BRIEF: After finding the line with "X147650000Y-100000000D01*" in the data below, set down exactly each line through the one with "X153050000Y-106550000D02*", inclusive, and stop there.

[Stored data]
☆ ☆ ☆ ☆ ☆ ☆ ☆
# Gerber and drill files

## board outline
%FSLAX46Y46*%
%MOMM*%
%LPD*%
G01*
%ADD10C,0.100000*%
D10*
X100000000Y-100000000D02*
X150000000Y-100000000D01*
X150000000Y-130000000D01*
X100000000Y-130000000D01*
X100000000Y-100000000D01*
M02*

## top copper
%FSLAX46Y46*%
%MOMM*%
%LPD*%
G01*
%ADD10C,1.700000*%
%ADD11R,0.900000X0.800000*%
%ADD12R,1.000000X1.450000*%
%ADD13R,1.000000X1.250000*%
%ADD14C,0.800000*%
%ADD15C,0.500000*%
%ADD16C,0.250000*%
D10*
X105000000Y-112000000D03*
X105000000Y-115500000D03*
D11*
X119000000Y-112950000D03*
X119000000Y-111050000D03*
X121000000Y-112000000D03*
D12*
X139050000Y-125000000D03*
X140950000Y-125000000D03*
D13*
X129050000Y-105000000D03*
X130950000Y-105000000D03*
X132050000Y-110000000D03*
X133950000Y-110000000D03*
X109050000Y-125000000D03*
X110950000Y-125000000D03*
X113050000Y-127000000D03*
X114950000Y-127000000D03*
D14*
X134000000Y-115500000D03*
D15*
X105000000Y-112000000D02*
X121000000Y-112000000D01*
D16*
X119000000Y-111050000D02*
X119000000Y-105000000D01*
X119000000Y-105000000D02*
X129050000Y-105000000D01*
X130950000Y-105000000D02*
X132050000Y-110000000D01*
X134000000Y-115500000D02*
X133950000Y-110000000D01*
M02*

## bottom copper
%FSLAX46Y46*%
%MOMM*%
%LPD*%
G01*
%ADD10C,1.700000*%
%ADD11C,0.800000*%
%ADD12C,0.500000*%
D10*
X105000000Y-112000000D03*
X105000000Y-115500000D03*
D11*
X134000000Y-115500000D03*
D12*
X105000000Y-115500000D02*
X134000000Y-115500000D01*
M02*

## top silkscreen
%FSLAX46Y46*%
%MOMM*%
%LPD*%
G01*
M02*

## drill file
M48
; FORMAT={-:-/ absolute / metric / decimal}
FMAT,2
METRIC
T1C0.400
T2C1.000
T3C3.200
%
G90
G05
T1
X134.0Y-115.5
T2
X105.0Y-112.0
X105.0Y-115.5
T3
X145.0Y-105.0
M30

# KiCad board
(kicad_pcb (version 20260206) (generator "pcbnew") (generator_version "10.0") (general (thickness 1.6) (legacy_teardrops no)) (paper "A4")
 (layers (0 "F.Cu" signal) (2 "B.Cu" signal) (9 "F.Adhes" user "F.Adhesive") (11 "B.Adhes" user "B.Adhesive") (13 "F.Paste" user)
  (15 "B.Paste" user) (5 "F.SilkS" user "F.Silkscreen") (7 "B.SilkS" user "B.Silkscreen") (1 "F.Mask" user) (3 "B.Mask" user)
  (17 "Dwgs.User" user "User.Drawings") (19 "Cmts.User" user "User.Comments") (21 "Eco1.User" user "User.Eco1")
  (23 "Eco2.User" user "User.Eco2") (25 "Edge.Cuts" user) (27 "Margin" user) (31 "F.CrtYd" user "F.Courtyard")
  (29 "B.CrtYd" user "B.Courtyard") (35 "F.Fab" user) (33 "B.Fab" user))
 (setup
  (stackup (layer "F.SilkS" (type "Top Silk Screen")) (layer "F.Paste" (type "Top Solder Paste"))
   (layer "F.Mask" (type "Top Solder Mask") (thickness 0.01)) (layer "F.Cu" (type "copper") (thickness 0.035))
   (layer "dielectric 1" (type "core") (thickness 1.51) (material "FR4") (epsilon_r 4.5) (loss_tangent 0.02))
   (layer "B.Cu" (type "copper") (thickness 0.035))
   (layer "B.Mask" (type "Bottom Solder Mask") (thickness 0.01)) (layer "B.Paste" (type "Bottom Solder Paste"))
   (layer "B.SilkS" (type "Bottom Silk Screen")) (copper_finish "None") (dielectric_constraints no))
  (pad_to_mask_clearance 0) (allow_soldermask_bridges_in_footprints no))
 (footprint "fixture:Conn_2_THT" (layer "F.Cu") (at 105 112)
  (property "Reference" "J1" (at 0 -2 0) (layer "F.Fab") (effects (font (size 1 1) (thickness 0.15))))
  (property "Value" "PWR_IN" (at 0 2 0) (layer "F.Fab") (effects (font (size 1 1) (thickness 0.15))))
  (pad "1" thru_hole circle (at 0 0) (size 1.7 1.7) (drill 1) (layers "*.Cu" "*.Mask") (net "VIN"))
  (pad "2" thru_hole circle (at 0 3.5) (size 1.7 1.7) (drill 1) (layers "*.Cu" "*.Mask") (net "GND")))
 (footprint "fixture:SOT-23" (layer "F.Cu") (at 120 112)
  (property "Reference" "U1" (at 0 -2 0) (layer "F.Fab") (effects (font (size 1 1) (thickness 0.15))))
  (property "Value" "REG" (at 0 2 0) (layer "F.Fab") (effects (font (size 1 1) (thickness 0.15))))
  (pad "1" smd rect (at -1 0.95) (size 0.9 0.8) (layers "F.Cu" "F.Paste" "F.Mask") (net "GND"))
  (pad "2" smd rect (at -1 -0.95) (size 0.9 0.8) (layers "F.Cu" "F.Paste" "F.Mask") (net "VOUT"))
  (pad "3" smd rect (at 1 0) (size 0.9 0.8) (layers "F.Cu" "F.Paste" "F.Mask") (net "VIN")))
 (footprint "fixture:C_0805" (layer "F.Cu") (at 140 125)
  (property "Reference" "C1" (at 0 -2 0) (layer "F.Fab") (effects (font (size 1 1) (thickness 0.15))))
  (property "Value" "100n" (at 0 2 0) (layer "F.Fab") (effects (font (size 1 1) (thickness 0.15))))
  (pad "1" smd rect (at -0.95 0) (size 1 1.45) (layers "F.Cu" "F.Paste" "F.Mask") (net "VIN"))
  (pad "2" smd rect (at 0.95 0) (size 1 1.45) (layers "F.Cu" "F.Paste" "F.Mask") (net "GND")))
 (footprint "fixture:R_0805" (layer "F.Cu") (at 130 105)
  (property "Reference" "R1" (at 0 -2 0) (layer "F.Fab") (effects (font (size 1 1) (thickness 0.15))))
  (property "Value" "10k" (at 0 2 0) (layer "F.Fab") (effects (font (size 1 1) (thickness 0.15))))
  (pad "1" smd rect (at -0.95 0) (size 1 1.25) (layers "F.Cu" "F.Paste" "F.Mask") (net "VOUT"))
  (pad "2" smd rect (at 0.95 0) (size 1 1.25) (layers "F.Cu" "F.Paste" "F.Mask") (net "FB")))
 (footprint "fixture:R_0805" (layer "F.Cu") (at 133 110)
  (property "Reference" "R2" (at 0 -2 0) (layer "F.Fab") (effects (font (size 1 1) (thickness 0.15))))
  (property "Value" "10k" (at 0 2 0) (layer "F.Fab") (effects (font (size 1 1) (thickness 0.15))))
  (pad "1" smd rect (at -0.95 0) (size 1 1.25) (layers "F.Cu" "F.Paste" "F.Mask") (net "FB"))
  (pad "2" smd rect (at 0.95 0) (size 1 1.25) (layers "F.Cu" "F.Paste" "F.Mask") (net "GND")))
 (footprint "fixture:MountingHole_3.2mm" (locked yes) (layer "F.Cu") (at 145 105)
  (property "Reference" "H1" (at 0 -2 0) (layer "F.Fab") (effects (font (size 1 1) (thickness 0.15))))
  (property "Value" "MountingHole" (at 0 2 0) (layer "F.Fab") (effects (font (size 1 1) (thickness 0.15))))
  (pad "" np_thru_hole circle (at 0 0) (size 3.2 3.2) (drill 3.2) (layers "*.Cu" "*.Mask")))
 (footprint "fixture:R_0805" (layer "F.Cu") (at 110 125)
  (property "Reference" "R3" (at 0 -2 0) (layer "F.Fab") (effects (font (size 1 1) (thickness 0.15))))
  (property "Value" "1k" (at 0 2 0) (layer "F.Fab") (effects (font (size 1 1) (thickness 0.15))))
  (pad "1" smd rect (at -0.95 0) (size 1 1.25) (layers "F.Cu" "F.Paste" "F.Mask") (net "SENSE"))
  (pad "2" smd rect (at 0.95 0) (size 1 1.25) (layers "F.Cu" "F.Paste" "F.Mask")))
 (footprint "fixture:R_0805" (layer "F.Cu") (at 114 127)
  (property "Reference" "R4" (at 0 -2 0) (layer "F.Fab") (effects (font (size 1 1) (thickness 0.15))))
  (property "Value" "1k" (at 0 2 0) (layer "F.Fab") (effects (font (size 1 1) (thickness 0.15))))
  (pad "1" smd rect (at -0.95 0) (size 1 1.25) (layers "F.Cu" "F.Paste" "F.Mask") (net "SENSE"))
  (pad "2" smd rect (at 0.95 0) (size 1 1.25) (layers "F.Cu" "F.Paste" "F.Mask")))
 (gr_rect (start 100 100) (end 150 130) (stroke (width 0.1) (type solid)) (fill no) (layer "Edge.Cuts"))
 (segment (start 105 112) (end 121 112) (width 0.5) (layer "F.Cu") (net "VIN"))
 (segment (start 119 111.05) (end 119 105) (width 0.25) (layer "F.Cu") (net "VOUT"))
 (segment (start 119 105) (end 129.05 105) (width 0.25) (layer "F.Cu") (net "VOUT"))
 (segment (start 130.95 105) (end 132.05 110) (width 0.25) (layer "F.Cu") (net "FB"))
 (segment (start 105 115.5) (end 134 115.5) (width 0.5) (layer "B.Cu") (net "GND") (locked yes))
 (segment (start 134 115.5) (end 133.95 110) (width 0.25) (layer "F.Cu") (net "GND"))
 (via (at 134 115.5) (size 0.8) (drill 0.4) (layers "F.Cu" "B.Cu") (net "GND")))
☆ ☆ ☆ ☆ ☆ ☆ ☆
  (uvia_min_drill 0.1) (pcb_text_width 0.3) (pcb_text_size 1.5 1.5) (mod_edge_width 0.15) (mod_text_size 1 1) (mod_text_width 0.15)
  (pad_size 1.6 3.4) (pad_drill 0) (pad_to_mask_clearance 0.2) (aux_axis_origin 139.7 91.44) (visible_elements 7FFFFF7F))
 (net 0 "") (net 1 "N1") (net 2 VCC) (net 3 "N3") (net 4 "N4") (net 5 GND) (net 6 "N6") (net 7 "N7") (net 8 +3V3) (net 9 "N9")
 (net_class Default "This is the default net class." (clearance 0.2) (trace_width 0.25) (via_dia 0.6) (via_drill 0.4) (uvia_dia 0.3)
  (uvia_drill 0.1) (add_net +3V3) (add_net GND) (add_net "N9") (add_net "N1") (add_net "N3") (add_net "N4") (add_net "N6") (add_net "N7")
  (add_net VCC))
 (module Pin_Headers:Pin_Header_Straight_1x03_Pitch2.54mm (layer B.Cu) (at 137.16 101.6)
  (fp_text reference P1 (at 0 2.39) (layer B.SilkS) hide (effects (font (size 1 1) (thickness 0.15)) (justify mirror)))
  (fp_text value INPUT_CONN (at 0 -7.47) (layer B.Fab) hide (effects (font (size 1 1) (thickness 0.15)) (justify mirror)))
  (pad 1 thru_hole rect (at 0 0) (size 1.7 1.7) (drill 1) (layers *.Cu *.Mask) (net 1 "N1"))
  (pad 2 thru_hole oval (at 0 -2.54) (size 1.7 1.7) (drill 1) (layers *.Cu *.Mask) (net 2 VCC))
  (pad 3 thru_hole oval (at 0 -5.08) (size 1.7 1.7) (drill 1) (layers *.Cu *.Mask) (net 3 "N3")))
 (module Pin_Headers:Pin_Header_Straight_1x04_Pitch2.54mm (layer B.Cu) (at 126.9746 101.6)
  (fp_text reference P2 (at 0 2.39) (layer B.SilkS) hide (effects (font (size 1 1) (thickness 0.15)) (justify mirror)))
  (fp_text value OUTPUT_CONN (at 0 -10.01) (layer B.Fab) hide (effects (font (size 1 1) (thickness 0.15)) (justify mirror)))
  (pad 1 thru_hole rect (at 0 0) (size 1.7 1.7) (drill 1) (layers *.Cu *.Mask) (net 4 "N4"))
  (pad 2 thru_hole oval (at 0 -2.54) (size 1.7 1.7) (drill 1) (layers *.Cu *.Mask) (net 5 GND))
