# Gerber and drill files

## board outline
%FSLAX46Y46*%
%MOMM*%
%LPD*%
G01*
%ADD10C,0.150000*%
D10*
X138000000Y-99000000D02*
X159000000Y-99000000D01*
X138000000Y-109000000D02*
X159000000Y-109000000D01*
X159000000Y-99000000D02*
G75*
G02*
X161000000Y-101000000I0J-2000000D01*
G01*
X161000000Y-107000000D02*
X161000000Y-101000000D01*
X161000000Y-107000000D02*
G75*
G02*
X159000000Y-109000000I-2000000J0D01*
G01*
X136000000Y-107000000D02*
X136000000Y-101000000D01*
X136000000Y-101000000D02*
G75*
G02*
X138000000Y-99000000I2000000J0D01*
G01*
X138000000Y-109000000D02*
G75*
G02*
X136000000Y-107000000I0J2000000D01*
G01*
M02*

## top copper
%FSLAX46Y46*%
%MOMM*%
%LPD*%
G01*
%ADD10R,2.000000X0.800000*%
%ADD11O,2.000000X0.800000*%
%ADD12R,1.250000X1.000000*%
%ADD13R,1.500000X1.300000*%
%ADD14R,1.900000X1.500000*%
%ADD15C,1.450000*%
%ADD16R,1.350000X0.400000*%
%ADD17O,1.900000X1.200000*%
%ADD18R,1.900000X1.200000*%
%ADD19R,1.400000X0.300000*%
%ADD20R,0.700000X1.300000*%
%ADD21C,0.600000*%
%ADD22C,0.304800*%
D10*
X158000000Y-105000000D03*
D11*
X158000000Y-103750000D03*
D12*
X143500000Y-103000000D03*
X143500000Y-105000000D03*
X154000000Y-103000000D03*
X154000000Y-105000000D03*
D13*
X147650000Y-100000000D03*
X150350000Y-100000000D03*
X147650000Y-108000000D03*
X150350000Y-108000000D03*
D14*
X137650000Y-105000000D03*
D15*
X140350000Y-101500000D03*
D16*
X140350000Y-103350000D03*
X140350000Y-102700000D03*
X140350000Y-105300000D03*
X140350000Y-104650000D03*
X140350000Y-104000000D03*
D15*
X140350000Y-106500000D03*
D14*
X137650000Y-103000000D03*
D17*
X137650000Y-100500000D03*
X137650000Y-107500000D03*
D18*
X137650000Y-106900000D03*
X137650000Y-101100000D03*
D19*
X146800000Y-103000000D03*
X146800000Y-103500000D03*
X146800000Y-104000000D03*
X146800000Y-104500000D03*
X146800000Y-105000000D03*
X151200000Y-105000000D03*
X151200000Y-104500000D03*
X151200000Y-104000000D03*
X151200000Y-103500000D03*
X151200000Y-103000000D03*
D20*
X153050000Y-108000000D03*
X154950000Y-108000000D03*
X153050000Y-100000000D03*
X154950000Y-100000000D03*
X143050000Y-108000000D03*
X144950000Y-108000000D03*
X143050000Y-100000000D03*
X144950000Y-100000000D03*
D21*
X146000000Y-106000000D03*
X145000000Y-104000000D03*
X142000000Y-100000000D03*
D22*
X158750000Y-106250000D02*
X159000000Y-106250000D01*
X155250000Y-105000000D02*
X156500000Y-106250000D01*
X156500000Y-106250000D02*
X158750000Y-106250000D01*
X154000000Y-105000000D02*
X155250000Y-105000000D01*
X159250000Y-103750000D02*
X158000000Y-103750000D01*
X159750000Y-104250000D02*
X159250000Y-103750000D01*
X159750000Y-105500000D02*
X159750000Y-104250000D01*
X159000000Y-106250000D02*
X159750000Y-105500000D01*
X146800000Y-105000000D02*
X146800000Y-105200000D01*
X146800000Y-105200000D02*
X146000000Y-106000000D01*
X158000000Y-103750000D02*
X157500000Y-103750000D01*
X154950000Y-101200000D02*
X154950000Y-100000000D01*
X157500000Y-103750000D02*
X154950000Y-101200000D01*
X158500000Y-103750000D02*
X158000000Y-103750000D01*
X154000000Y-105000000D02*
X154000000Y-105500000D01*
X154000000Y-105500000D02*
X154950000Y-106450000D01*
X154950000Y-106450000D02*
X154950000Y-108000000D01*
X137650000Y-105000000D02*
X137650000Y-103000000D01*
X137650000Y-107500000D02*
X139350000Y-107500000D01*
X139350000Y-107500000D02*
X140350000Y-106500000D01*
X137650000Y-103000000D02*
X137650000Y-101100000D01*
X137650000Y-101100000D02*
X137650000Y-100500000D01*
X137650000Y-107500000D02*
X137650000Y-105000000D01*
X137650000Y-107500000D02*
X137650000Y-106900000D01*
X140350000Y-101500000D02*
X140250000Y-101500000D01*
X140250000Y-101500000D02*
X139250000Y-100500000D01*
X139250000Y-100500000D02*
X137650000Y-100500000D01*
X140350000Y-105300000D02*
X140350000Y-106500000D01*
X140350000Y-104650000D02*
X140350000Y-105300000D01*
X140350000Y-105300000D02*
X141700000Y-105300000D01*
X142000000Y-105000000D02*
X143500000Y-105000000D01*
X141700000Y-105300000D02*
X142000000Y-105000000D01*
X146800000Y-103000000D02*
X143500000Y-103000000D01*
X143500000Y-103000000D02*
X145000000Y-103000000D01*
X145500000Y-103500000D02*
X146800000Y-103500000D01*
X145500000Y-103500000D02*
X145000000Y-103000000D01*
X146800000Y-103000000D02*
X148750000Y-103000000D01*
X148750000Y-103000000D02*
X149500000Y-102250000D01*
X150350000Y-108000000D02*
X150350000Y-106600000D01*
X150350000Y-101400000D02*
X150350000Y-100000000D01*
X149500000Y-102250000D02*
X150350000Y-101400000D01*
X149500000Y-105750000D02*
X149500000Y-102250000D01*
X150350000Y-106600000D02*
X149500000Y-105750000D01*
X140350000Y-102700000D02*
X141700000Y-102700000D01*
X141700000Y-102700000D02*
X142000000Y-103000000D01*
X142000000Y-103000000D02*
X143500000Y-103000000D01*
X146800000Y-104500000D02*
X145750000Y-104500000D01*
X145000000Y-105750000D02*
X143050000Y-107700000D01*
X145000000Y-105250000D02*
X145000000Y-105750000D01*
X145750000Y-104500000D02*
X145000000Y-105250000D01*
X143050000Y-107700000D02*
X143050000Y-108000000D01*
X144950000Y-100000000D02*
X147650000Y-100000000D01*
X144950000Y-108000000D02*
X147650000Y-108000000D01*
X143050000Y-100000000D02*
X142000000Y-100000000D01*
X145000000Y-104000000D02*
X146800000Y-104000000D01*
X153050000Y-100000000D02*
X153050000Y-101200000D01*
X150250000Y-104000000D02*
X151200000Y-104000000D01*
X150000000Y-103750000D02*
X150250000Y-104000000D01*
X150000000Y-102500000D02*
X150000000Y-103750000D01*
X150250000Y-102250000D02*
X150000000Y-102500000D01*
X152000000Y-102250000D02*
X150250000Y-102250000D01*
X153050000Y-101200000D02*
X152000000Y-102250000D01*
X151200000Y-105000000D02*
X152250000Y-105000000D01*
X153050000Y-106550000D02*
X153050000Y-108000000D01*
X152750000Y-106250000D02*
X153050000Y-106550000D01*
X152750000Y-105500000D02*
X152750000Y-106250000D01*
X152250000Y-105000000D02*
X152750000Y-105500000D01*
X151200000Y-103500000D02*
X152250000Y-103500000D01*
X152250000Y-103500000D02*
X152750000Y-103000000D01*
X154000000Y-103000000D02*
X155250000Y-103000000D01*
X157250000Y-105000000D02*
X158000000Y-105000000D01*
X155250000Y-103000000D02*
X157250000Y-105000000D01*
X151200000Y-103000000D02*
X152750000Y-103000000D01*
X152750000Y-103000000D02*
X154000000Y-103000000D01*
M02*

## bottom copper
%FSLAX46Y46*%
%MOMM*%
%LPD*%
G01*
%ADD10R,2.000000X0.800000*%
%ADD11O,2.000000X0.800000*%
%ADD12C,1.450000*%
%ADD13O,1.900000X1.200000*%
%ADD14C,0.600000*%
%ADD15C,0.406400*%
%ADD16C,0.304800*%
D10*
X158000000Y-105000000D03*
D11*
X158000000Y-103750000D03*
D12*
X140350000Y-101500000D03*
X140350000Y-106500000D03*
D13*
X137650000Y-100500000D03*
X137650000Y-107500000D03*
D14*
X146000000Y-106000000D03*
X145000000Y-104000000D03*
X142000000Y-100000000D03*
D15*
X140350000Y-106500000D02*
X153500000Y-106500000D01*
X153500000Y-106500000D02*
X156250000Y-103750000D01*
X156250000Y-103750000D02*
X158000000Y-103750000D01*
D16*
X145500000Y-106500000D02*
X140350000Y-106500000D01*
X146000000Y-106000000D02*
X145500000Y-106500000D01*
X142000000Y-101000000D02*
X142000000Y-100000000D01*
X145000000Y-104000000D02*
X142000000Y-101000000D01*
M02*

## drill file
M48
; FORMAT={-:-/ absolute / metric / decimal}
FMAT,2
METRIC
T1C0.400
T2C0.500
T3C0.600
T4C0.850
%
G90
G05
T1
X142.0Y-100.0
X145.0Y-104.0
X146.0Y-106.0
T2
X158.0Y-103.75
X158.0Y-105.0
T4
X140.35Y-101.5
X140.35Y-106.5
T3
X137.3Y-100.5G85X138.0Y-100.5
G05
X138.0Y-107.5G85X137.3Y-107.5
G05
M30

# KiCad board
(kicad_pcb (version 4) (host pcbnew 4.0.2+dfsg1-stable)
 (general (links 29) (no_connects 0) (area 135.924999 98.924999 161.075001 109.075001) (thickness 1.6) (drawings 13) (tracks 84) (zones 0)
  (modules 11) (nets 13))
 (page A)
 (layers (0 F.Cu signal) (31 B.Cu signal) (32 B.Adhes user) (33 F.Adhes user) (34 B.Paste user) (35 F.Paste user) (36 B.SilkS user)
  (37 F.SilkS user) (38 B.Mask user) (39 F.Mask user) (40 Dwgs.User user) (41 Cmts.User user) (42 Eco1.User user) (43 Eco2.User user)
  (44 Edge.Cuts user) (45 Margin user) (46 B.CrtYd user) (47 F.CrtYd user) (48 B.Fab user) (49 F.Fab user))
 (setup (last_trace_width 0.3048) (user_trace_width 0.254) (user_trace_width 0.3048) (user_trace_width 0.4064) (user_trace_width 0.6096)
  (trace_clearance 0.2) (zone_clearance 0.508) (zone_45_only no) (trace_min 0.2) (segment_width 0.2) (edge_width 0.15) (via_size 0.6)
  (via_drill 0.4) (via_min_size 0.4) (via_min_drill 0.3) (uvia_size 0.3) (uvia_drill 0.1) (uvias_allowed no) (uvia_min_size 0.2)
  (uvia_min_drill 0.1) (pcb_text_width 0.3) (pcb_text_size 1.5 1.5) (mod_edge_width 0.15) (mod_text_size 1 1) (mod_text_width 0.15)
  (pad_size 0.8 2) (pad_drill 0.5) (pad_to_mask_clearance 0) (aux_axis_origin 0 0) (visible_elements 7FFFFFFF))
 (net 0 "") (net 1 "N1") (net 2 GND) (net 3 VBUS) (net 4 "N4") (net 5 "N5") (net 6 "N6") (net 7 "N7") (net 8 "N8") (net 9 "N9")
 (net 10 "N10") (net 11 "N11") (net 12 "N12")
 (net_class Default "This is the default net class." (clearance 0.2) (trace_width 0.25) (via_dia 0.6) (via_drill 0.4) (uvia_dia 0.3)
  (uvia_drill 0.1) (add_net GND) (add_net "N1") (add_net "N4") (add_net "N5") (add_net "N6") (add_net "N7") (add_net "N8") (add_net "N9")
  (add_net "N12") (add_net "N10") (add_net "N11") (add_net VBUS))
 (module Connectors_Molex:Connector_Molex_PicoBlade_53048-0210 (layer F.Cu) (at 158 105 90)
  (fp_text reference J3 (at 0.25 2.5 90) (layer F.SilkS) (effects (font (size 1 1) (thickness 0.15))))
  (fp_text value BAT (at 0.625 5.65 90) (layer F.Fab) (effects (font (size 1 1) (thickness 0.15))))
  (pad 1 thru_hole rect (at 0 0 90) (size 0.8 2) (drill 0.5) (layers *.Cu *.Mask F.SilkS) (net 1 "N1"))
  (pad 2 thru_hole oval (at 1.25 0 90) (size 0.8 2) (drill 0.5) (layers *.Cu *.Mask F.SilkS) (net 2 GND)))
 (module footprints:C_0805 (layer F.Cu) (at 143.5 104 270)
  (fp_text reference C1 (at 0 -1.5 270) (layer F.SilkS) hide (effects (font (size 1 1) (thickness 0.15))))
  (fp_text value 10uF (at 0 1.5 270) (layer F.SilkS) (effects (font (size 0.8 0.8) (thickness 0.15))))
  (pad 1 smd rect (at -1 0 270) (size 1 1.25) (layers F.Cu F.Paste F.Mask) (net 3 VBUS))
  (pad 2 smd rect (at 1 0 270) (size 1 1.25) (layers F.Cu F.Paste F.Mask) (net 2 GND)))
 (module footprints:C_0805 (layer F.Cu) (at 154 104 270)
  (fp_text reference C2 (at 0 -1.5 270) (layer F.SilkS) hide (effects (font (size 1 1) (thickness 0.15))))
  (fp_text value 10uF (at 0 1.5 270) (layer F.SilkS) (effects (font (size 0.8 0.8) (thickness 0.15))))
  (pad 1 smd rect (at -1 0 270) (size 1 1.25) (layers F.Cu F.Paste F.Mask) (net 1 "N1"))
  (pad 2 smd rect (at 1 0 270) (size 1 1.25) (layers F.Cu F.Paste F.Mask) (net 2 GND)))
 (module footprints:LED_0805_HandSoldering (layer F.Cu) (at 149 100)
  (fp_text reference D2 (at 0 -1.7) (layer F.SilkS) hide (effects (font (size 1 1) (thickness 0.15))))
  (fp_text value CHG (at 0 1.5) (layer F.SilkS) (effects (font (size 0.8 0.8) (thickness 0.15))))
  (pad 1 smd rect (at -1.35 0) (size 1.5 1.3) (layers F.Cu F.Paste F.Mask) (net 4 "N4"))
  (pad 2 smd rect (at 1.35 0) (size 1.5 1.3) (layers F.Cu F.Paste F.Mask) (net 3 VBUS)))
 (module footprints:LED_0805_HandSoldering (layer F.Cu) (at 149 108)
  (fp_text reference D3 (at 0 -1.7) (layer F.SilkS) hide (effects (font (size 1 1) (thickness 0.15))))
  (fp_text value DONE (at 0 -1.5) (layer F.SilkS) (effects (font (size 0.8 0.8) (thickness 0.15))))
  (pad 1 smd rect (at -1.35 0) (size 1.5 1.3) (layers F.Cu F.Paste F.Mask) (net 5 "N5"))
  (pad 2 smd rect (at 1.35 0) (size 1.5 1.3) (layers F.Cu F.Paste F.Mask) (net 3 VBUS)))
☆ ☆ ☆ ☆ ☆ ☆ ☆
SOLUTION FOR THIS PROBLEM:
X147650000Y-100000000D01*
X144950000Y-108000000D02*
X147650000Y-108000000D01*
X143050000Y-100000000D02*
X142000000Y-100000000D01*
X145000000Y-104000000D02*
X146800000Y-104000000D01*
X153050000Y-100000000D02*
X153050000Y-101200000D01*
X150250000Y-104000000D02*
X151200000Y-104000000D01*
X150000000Y-103750000D02*
X150250000Y-104000000D01*
X150000000Y-102500000D02*
X150000000Y-103750000D01*
X150250000Y-102250000D02*
X150000000Y-102500000D01*
X152000000Y-102250000D02*
X150250000Y-102250000D01*
X153050000Y-101200000D02*
X152000000Y-102250000D01*
X151200000Y-105000000D02*
X152250000Y-105000000D01*
X153050000Y-106550000D02*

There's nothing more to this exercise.